:: INSTRUCTIONS FOR THE TASK ::
Among the entries that follow, find every line with the word "Courtyard" and copy it.

:: Saved data entries ::
================================

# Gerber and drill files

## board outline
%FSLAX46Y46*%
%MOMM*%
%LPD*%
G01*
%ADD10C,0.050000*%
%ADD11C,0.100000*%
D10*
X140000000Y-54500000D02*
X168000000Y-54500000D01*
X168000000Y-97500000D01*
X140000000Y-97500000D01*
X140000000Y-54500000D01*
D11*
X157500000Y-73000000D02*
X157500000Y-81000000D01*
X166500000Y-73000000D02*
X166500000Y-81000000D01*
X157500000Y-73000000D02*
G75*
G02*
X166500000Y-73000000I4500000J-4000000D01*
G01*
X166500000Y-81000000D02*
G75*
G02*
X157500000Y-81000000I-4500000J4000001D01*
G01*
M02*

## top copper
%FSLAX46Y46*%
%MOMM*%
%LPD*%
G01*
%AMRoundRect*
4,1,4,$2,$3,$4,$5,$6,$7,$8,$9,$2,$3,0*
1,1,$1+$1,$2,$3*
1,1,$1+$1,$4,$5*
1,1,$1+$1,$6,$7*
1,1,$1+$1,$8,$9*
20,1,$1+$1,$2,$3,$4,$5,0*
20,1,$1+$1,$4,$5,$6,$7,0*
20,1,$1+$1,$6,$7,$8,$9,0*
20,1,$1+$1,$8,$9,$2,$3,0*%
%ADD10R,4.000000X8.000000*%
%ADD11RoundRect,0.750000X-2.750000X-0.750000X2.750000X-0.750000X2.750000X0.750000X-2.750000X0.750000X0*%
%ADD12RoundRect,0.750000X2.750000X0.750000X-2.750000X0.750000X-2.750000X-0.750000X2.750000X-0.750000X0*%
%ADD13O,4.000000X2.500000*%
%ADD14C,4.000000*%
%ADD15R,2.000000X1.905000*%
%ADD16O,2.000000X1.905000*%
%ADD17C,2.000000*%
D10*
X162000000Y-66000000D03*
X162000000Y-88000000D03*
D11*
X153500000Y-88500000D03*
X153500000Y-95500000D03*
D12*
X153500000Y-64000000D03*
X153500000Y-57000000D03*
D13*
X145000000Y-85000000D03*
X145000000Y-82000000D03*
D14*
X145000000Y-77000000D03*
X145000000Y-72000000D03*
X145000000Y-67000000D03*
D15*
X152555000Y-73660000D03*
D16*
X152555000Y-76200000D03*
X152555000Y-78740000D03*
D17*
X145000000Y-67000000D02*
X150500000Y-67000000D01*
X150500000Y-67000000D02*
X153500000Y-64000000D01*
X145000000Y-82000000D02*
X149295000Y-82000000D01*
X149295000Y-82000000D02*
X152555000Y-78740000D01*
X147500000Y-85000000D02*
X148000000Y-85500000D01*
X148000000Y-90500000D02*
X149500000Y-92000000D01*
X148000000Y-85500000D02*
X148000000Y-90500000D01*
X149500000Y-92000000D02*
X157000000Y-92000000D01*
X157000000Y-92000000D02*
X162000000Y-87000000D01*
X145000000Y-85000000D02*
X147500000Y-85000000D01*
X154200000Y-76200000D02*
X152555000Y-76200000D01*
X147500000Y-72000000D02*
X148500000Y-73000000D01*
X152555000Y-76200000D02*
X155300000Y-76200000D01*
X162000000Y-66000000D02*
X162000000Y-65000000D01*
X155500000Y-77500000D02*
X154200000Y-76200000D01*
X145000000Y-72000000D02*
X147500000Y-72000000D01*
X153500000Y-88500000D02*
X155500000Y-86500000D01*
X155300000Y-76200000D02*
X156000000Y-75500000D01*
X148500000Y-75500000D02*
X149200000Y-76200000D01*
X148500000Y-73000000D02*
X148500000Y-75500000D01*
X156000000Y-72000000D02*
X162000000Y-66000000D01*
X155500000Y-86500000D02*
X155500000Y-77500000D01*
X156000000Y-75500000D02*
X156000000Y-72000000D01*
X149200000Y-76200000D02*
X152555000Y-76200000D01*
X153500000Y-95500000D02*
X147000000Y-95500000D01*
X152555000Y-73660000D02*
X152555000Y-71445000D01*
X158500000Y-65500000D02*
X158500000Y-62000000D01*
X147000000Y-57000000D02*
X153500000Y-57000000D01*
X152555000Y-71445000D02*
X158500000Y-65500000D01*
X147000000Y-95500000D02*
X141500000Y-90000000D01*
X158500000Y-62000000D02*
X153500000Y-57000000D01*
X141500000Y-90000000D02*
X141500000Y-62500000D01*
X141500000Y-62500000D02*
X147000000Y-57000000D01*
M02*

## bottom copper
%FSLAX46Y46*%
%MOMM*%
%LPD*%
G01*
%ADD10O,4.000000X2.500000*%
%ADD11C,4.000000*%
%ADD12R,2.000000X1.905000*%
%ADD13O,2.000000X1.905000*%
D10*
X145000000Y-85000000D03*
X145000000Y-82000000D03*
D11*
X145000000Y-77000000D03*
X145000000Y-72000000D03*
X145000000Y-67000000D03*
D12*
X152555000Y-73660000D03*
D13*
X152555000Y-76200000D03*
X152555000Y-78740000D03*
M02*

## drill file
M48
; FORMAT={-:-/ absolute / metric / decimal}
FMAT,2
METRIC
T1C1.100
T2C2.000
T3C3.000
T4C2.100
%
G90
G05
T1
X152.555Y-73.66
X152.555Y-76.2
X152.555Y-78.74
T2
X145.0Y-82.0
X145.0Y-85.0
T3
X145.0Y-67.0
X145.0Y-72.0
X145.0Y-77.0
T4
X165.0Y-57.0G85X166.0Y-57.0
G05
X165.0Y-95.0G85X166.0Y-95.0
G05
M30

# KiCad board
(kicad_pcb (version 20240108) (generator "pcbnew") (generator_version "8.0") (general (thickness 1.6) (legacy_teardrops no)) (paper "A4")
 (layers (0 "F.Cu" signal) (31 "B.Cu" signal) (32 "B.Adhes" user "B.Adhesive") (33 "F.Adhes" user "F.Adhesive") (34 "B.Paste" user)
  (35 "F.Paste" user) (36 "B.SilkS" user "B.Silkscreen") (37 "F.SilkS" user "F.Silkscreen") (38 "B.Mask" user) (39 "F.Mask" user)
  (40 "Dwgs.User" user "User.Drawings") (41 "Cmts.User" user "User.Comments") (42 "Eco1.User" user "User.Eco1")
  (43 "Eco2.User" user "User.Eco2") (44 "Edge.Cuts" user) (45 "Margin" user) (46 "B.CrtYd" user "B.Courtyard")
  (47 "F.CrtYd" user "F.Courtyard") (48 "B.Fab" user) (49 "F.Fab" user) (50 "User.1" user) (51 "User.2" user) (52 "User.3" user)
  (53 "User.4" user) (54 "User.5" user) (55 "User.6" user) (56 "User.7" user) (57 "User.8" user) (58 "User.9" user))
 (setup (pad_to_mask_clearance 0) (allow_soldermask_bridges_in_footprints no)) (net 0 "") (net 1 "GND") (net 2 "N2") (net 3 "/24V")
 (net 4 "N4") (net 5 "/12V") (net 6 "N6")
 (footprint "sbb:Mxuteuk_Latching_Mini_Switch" (layer "F.Cu") (at 162 77 -90)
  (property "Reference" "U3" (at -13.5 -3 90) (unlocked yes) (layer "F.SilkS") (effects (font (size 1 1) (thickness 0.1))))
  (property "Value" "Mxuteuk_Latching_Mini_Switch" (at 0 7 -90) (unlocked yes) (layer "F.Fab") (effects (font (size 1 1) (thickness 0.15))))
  (fp_line (start -4 4.5) (end 4 4.5) (stroke (width 0.1) (type default)) (layer "Edge.Cuts"))
  (fp_line (start -4 -4.5) (end 4 -4.5) (stroke (width 0.1) (type default)) (layer "Edge.Cuts"))
  (fp_arc (start -4 4.5) (mid -6.020797 0) (end -4 -4.5) (stroke (width 0.1) (type default)) (layer "Edge.Cuts"))
  (fp_arc (start 4 -4.5) (mid 6.020797 0) (end 4 4.5) (stroke (width 0.1) (type default)) (layer "Edge.Cuts"))
  (pad "1" smd rect (at -11 0 270) (size 8 4) (layers "F.Cu" "F.Paste" "F.Mask") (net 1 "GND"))
  (pad "2" smd rect (at 11 0 270) (size 8 4) (layers "F.Cu" "F.Paste" "F.Mask") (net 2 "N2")))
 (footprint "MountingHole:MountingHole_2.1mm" (layer "F.Cu") (at 165.5 57)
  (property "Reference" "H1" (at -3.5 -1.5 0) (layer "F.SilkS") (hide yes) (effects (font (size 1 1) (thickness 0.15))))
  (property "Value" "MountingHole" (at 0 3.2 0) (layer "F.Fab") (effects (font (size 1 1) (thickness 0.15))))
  (pad "" np_thru_hole oval (at 0 0) (size 3.1 2.1) (drill oval 3.1 2.1) (layers "F&B.Cu" "*.Mask")))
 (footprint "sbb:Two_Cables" (layer "F.Cu") (at 153.5 92.5)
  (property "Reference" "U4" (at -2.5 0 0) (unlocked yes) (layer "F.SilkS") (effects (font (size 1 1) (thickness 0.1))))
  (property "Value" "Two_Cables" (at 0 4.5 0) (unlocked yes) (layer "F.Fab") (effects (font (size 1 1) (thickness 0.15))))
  (pad "1" smd roundrect (at 0 -4) (size 7 3) (layers "F.Cu" "F.Paste" "F.Mask") (roundrect_rratio 0.25) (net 1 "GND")
   (thermal_bridge_angle 45))
  (pad "2" smd roundrect (at 0 3) (size 7 3) (layers "F.Cu" "F.Paste" "F.Mask") (roundrect_rratio 0.25) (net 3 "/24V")
   (thermal_bridge_angle 45)))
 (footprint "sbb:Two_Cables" (layer "F.Cu") (at 153.5 60 180)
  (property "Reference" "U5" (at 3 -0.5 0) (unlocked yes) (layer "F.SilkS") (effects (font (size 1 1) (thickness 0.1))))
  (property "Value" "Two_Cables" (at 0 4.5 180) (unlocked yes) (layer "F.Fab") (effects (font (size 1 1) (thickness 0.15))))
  (pad "1" smd roundrect (at 0 -4 180) (size 7 3) (layers "F.Cu" "F.Paste" "F.Mask") (roundrect_rratio 0.25) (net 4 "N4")
   (thermal_bridge_angle 45))
  (pad "2" smd roundrect (at 0 3 180) (size 7 3) (layers "F.Cu" "F.Paste" "F.Mask") (roundrect_rratio 0.25) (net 3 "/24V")
   (thermal_bridge_angle 45)))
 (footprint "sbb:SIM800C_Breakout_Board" (layer "F.Cu") (at 145 85)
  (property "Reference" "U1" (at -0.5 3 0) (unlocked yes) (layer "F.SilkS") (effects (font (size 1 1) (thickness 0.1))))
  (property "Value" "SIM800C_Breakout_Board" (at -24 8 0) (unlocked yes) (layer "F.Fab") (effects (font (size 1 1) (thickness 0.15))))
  (pad "1" thru_hole oval (at 0 0) (size 4 2.5) (drill 2) (layers "*.Cu" "*.Mask") (remove_unused_layers no) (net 2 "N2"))
  (pad "2" thru_hole oval (at 0 -3) (size 4 2.5) (drill 2) (layers "*.Cu" "*.Mask") (remove_unused_layers no) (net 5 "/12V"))
  (pad "3" thru_hole circle (at 0 -8) (size 4 4) (drill 3) (layers "*.Cu" "*.Mask") (remove_unused_layers no) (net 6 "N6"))
  (pad "4" thru_hole circle (at 0 -13) (size 4 4) (drill 3) (layers "*.Cu" "*.Mask") (remove_unused_layers no) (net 1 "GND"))
  (pad "5" thru_hole circle (at 0 -18) (size 4 4) (drill 3) (layers "*.Cu" "*.Mask") (remove_unused_layers no) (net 4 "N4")))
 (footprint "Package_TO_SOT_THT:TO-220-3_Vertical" (layer "F.Cu") (at 152.555 73.66 -90)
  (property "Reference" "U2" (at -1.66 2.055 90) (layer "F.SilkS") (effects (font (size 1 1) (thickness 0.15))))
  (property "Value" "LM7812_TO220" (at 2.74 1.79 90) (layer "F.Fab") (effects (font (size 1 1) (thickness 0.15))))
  (pad "1" thru_hole rect (at 0 0 270) (size 1.905 2) (drill 1.1) (layers "*.Cu" "*.Mask") (remove_unused_layers no) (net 3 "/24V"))
  (pad "2" thru_hole oval (at 2.54 0 270) (size 1.905 2) (drill 1.1) (layers "*.Cu" "*.Mask") (remove_unused_layers no) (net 1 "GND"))
  (pad "3" thru_hole oval (at 5.08 0 270) (size 1.905 2) (drill 1.1) (layers "*.Cu" "*.Mask") (remove_unused_layers no) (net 5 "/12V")))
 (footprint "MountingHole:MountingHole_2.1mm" (layer "F.Cu") (at 165.5 95)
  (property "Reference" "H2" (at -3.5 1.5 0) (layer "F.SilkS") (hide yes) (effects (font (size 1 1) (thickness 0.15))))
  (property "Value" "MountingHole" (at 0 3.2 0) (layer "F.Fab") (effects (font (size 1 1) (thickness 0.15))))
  (pad "" np_thru_hole oval (at 0 0) (size 3.1 2.1) (drill oval 3.1 2.1) (layers "F&B.Cu" "*.Mask")))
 (gr_rect (start 140 54.5) (end 168 97.5) (stroke (width 0.05) (type default)) (fill none) (layer "Edge.Cuts"))
 (segment (start 145 67) (end 150.5 67) (width 2) (layer "F.Cu") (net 4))
 (segment (start 150.5 67) (end 153.5 64) (width 2) (layer "F.Cu") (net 4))
 (segment (start 145 82) (end 149.295 82) (width 2) (layer "F.Cu") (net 5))
 (segment (start 149.295 82) (end 152.555 78.74) (width 2) (layer "F.Cu") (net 5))
 (segment (start 147.5 85) (end 148 85.5) (width 2) (layer "F.Cu") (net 2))
 (segment (start 148 90.5) (end 149.5 92) (width 2) (layer "F.Cu") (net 2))
 (segment (start 148 85.5) (end 148 90.5) (width 2) (layer "F.Cu") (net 2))
 (segment (start 149.5 92) (end 157 92) (width 2) (layer "F.Cu") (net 2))
 (segment (start 157 92) (end 162 87) (width 2) (layer "F.Cu") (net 2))
 (segment (start 145 85) (end 147.5 85) (width 2) (layer "F.Cu") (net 2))
 (segment (start 154.2 76.2) (end 152.555 76.2) (width 2) (layer "F.Cu") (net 1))
 (segment (start 147.5 72) (end 148.5 73) (width 2) (layer "F.Cu") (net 1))
 (segment (start 152.555 76.2) (end 155.3 76.2) (width 2) (layer "F.Cu") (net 1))
 (segment (start 162 66) (end 162 65) (width 2) (layer "F.Cu") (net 1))
 (segment (start 155.5 77.5) (end 154.2 76.2) (width 2) (layer "F.Cu") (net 1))
 (segment (start 145 72) (end 147.5 72) (width 2) (layer "F.Cu") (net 1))
 (segment (start 153.5 88.5) (end 155.5 86.5) (width 2) (layer "F.Cu") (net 1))
 (segment (start 155.3 76.2) (end 156 75.5) (width 2) (layer "F.Cu") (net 1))
 (segment (start 148.5 75.5) (end 149.2 76.2) (width 2) (layer "F.Cu") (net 1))
 (segment (start 148.5 73) (end 148.5 75.5) (width 2) (layer "F.Cu") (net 1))
 (segment (start 156 72) (end 162 66) (width 2) (layer "F.Cu") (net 1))
 (segment (start 155.5 86.5) (end 155.5 77.5) (width 2) (layer "F.Cu") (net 1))
 (segment (start 156 75.5) (end 156 72) (width 2) (layer "F.Cu") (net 1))
 (segment (start 149.2 76.2) (end 152.555 76.2) (width 2) (layer "F.Cu") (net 1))
 (segment (start 153.5 95.5) (end 147 95.5) (width 2) (layer "F.Cu") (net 3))
 (segment (start 152.555 73.66) (end 152.555 71.445) (width 2) (layer "F.Cu") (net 3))
 (segment (start 158.5 65.5) (end 158.5 62) (width 2) (layer "F.Cu") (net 3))
 (segment (start 147 57) (end 153.5 57) (width 2) (layer "F.Cu") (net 3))
 (segment (start 152.555 71.445) (end 158.5 65.5) (width 2) (layer "F.Cu") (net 3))
 (segment (start 147 95.5) (end 141.5 90) (width 2) (layer "F.Cu") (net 3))
 (segment (start 158.5 62) (end 153.5 57) (width 2) (layer "F.Cu") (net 3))
 (segment (start 141.5 90) (end 141.5 62.5) (width 2) (layer "F.Cu") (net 3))
 (segment (start 141.5 62.5) (end 147 57) (width 2) (layer "F.Cu") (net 3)))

================================

:: REPLY ::
  (43 "Eco2.User" user "User.Eco2") (44 "Edge.Cuts" user) (45 "Margin" user) (46 "B.CrtYd" user "B.Courtyard")
  (47 "F.CrtYd" user "F.Courtyard") (48 "B.Fab" user) (49 "F.Fab" user) (50 "User.1" user) (51 "User.2" user) (52 "User.3" user)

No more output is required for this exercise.